Why you should Not use a web framework - nish20
http://checkedexception.blogspot.com/2010/04/why-you-should-not-use-web-framework.html

======
stevenwei
My takeaway from this article is don't use bizarre Java web frameworks that
force you to configure everything through boilerplate xml files that you end
up having to constantly change.

No clear argument is presented against why I shouldn't use a web framework
that helps me avoid writing the same bullshit over and over again to deal
with:

    
    
      - user accounts, permissions, password resets
      - general admin panels
      - form validation, csrf protection
      - sessions, 'flash' messages
      - pagination
      - image uploads, resizing, thumbnailing
      - internationalization
    

One might argue that the downfall of some web frameworks are their lack of
flexibility when you need to move beyond the out of the box solutions.

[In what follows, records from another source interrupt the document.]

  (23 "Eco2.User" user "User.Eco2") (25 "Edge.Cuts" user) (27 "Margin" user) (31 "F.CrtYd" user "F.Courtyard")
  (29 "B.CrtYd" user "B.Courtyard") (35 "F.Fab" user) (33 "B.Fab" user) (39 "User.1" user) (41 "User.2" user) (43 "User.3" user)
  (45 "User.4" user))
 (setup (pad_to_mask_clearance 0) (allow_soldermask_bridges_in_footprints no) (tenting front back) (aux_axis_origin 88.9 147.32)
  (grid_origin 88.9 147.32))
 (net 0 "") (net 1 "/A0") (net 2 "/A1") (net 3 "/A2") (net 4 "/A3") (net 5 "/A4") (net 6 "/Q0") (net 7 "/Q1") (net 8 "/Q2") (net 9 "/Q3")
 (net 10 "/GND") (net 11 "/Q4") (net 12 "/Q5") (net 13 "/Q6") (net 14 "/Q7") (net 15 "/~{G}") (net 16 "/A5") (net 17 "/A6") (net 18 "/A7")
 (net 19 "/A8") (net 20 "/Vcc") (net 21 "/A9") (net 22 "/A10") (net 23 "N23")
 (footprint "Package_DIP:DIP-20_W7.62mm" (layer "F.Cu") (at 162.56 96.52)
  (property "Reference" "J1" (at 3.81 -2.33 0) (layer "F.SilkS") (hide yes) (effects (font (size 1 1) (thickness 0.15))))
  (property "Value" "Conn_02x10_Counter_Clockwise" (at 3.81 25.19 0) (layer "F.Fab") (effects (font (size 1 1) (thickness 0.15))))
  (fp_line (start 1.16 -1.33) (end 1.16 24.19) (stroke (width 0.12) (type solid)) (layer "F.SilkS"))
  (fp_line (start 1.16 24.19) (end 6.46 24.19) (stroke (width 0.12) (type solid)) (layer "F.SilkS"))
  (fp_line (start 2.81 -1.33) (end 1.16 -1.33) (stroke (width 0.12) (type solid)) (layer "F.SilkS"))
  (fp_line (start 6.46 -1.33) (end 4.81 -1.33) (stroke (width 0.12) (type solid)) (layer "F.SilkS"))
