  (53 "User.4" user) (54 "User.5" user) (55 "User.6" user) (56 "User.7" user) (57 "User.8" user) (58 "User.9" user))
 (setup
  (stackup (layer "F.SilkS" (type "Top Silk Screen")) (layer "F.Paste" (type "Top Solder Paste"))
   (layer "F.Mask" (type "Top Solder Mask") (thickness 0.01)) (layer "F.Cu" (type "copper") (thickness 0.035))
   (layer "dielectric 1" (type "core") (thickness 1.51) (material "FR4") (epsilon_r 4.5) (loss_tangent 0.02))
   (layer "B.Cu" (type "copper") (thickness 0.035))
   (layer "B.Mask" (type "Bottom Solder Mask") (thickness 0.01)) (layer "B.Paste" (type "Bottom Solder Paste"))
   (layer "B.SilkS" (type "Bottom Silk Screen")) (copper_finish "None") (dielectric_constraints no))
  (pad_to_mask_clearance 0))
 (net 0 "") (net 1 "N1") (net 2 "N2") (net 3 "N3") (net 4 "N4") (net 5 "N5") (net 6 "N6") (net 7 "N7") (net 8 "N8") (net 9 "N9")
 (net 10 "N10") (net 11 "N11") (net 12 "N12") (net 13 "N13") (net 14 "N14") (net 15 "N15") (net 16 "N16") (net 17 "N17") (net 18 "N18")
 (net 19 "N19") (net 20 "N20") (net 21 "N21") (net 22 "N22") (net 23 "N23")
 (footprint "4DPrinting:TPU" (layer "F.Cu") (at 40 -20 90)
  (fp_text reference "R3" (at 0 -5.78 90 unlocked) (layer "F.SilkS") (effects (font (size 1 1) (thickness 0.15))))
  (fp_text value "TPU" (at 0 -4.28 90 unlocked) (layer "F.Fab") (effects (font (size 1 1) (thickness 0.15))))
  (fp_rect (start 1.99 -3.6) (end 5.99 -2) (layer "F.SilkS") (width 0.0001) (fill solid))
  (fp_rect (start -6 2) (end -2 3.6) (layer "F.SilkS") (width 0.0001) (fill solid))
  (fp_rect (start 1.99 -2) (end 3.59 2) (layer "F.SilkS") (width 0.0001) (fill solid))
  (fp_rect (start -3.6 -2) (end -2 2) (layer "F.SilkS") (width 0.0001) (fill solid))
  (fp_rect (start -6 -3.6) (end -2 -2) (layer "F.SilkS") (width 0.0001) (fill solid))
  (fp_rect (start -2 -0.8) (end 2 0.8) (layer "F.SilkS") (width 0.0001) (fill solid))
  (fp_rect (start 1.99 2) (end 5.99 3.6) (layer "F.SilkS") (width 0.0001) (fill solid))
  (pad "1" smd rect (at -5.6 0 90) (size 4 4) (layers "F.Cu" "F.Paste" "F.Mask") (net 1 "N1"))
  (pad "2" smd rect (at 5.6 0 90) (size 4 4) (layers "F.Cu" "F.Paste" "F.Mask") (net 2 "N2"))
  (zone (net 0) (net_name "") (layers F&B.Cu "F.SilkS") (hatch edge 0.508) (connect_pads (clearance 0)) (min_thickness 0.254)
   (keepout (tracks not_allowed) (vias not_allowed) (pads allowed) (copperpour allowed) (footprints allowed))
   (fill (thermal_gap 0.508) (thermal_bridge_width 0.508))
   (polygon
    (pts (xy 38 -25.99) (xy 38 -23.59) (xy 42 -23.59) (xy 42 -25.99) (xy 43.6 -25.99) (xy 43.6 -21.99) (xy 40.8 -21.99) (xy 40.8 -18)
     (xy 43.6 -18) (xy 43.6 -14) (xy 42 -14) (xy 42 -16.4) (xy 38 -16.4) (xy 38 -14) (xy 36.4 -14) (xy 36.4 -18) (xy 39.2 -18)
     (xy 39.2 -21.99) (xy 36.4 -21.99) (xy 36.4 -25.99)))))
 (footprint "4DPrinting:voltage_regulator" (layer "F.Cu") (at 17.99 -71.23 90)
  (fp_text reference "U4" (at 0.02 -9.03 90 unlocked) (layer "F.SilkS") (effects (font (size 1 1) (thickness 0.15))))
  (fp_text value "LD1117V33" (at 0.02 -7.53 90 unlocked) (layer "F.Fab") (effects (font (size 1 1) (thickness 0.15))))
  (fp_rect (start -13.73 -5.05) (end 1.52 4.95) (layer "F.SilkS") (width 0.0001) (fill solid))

But honestly the only thing I get out of that article is don't write web apps
in Java when there are much better tools for the job.

------
kls
Stop using server frameworks to do web development, there is no need anymore,
it is useless overcomplexity that is not needed. If you are doing Java use
JAX-RS and stand up some RESTful services (Netbeans will generate them off of
a JPA annotated class). Then build your web front end with W3C compliant
technologies (HTML, Javascript, CSS). When you have the epiphany to go mobile
or IVR you don't have to rewire a bunch of config files (get sick of the
headaches and rewrite separate classes for mobile) to display in a new medium.
you just build a front end for that technology and call the business logic
that sits behind your service architecture.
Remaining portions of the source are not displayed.